A scarf isn’t scary. And it’s silly enough to make me giggle.
Oh. God, now I’m delirious. Please, just let me write. Even if it sucks.
So, once more into the fray. I’d really like to have something of note to report on Day 7.
A day in the life of a writer: trashing pages
I forgot to mention that I’ve been working on the same pages for several months. Not every day, just for my monthly assignments. I got them honed to bland acceptability, and realized yesterday that I will have to trash them all.

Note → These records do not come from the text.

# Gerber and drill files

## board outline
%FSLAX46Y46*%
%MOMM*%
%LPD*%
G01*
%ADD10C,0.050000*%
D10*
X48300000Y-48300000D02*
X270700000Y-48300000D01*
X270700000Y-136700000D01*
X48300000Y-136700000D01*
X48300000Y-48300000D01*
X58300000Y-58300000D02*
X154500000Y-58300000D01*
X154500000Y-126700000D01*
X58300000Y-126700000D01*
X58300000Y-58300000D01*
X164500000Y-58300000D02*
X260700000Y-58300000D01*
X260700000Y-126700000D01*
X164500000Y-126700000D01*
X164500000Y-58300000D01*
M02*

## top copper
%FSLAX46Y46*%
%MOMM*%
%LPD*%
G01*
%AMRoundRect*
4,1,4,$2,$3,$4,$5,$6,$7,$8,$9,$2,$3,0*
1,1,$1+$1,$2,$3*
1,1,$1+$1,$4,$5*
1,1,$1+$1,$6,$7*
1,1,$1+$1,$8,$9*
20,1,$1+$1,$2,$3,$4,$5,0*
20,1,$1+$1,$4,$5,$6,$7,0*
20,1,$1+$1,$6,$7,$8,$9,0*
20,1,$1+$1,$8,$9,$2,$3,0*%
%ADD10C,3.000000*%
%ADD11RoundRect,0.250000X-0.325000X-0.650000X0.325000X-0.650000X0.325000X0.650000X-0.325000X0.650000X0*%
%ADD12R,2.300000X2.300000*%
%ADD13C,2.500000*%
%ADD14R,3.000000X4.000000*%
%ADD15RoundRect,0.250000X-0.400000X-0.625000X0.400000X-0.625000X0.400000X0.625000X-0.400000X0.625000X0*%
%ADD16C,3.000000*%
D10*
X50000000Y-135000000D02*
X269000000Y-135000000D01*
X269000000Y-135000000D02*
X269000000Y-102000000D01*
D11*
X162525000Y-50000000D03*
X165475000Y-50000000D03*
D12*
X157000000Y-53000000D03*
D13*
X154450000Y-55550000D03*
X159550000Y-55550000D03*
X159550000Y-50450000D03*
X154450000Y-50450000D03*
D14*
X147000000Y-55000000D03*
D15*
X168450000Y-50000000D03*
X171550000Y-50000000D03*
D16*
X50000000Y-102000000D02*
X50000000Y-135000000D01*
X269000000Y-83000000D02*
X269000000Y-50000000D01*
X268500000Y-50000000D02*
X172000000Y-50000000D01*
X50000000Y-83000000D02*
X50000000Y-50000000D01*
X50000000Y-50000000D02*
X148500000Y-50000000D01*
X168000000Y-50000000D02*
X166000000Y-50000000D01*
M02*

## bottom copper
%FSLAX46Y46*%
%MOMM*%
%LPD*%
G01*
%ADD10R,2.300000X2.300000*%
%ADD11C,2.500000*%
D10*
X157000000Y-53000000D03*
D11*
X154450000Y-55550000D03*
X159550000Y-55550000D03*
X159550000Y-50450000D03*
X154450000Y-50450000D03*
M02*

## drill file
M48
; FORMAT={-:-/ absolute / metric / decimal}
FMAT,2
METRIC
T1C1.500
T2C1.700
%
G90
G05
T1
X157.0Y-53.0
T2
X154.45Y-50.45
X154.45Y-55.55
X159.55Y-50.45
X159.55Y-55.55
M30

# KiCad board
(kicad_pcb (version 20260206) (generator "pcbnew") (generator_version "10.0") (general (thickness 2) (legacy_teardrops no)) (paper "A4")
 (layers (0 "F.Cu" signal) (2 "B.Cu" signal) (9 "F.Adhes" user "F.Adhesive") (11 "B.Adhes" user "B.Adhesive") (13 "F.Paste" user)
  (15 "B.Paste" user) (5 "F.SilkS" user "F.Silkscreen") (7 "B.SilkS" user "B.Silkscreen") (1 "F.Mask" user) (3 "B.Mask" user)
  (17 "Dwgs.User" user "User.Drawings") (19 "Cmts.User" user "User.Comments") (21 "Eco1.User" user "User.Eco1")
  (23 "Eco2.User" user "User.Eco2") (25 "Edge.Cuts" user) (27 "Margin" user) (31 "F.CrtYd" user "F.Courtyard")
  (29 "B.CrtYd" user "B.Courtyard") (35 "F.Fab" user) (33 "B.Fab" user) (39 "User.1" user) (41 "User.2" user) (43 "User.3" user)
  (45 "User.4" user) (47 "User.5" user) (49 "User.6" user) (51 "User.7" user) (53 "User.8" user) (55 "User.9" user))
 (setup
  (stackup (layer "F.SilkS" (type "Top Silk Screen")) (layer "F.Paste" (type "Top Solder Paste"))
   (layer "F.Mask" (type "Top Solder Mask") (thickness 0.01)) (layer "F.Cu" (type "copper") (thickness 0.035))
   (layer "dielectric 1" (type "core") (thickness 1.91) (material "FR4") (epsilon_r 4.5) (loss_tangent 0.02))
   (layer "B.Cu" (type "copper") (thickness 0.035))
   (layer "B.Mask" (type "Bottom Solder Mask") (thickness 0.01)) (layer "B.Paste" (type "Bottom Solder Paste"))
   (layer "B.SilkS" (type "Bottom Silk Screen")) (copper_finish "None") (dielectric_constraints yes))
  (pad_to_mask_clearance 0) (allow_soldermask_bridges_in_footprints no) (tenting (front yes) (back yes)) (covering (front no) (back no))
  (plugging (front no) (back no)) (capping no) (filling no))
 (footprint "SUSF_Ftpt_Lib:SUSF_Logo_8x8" (layer "F.Cu") (at 150.5 130)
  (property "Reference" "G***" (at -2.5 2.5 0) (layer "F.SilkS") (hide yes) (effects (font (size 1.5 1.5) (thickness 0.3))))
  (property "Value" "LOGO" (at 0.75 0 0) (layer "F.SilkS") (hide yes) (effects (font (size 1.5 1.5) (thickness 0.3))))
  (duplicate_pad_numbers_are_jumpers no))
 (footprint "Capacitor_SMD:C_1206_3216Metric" (layer "F.Cu") (at 164 50)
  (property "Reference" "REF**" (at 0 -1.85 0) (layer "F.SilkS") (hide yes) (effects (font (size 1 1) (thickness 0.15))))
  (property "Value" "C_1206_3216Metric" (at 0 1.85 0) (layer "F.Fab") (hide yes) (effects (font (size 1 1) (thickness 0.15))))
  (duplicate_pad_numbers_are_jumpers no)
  (pad "1" smd roundrect (at -1.475 0) (size 1.15 1.8) (layers "F.Cu" "F.Mask" "F.Paste") (roundrect_rratio 0.217391) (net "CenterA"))
  (pad "2" smd roundrect (at 1.475 0) (size 1.15 1.8) (layers "F.Cu" "F.Mask" "F.Paste") (roundrect_rratio 0.217391) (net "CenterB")))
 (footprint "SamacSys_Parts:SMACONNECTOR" (layer "F.Cu") (at 157 53)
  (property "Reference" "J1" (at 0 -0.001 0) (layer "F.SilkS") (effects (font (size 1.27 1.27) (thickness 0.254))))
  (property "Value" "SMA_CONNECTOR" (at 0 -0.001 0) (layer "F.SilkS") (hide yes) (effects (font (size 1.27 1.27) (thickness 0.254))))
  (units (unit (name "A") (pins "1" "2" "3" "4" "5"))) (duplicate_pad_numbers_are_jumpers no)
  (pad "1" thru_hole rect (at 0 0) (size 2.3 2.3) (drill 1.5) (layers "*.Cu" "*.Mask") (remove_unused_layers no)
   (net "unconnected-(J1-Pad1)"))
  (pad "2" thru_hole circle (at -2.55 2.55) (size 2.5 2.5) (drill 1.7) (layers "*.Cu" "*.Mask") (remove_unused_layers no)
   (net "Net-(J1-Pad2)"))
  (pad "3" thru_hole circle (at 2.55 2.55) (size 2.5 2.5) (drill 1.7) (layers "*.Cu" "*.Mask") (remove_unused_layers no)
   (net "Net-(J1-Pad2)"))
  (pad "4" thru_hole circle (at 2.55 -2.55) (size 2.5 2.5) (drill 1.7) (layers "*.Cu" "*.Mask") (remove_unused_layers no)
   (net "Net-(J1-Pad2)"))
  (pad "5" thru_hole circle (at -2.55 -2.55) (size 2.5 2.5) (drill 1.7) (layers "*.Cu" "*.Mask") (remove_unused_layers no)
   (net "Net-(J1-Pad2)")))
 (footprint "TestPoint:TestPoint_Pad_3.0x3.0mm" (layer "F.Cu") (at 147 55)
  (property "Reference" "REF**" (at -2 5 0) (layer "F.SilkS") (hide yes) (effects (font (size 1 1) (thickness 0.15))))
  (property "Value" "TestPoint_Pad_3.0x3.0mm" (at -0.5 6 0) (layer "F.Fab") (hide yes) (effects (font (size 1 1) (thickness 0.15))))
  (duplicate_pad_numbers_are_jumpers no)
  (pad "2" smd rect (at 0 0) (size 3 4) (layers "F.Cu" "F.Mask") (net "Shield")))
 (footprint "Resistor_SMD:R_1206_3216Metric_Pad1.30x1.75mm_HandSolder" (layer "F.Cu") (at 170 50)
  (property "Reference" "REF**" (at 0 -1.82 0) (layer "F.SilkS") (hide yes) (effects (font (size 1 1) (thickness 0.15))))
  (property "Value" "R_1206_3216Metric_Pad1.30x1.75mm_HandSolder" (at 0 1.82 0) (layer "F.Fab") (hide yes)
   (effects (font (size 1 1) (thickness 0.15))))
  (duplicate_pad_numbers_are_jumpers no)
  (pad "1" smd roundrect (at -1.55 0) (size 1.3 1.75) (layers "F.Cu" "F.Mask" "F.Paste") (roundrect_rratio 0.192308) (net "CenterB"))
  (pad "2" smd roundrect (at 1.55 0) (size 1.3 1.75) (layers "F.Cu" "F.Mask" "F.Paste") (roundrect_rratio 0.192308) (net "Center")))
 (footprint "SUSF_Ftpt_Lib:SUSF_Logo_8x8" (layer "B.Cu") (at 168.336762 130 180)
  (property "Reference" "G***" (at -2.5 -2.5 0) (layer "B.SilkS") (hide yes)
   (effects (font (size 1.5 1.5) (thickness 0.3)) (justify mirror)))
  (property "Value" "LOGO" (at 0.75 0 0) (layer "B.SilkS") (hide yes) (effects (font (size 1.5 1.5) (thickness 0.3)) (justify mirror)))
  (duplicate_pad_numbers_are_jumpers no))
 (gr_line (start 50 135) (end 269 135) (stroke (width 3) (type default)) (layer "F.Cu"))
 (gr_line (start 269 135) (end 269 102) (stroke (width 3) (type default)) (layer "F.Cu"))
 (gr_rect (start 48.3 48.3) (end 270.7 136.7) (stroke (width 0.05) (type default)) (fill no) (layer "Edge.Cuts"))
 (gr_rect (start 58.3 58.3) (end 154.5 126.7) (stroke (width 0.05) (type default)) (fill no) (layer "Edge.Cuts"))
 (gr_rect (start 164.5 58.3) (end 260.7 126.7) (stroke (width 0.05) (type default)) (fill no) (layer "Edge.Cuts"))
 (segment (start 50 102) (end 50 135) (width 3) (layer "F.Cu") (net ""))
 (segment (start 269 83) (end 269 50) (width 3) (layer "F.Cu") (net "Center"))
 (segment (start 268.5 50) (end 172 50) (width 3) (layer "F.Cu") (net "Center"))
 (segment (start 50 83) (end 50 50) (width 3) (layer "F.Cu") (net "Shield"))
 (segment (start 50 50) (end 148.5 50) (width 3) (layer "F.Cu") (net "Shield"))
 (segment (start 168 50) (end 166 50) (width 3) (layer "F.Cu") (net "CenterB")))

I was kinda proud of those pretty words and at least two of the characters. But as interesting as all that was, it went nowhere. Well, except to a tight, windowless, baffling corner. It just wasn’t working. I’ve been struggling to make my characters do something interesting, and one of them drove off, another went haring off after that one, and the last just sulked in her office.
There was some funny dialogue, but the story itself was like a face with no eyebrows or lashes. Or lips. No nose.
*sigh*
So I’m starting over from scratch with characters who have agendas, and already, before word one, I know the story will take off.
I’m sharing this because I know there may be other writers who are fighting a bland storyline. If that’s you, try working with Debra Dixon’s Goal, Motivation, and Conflict. You’ll be relieved to discover that the problem is fixable.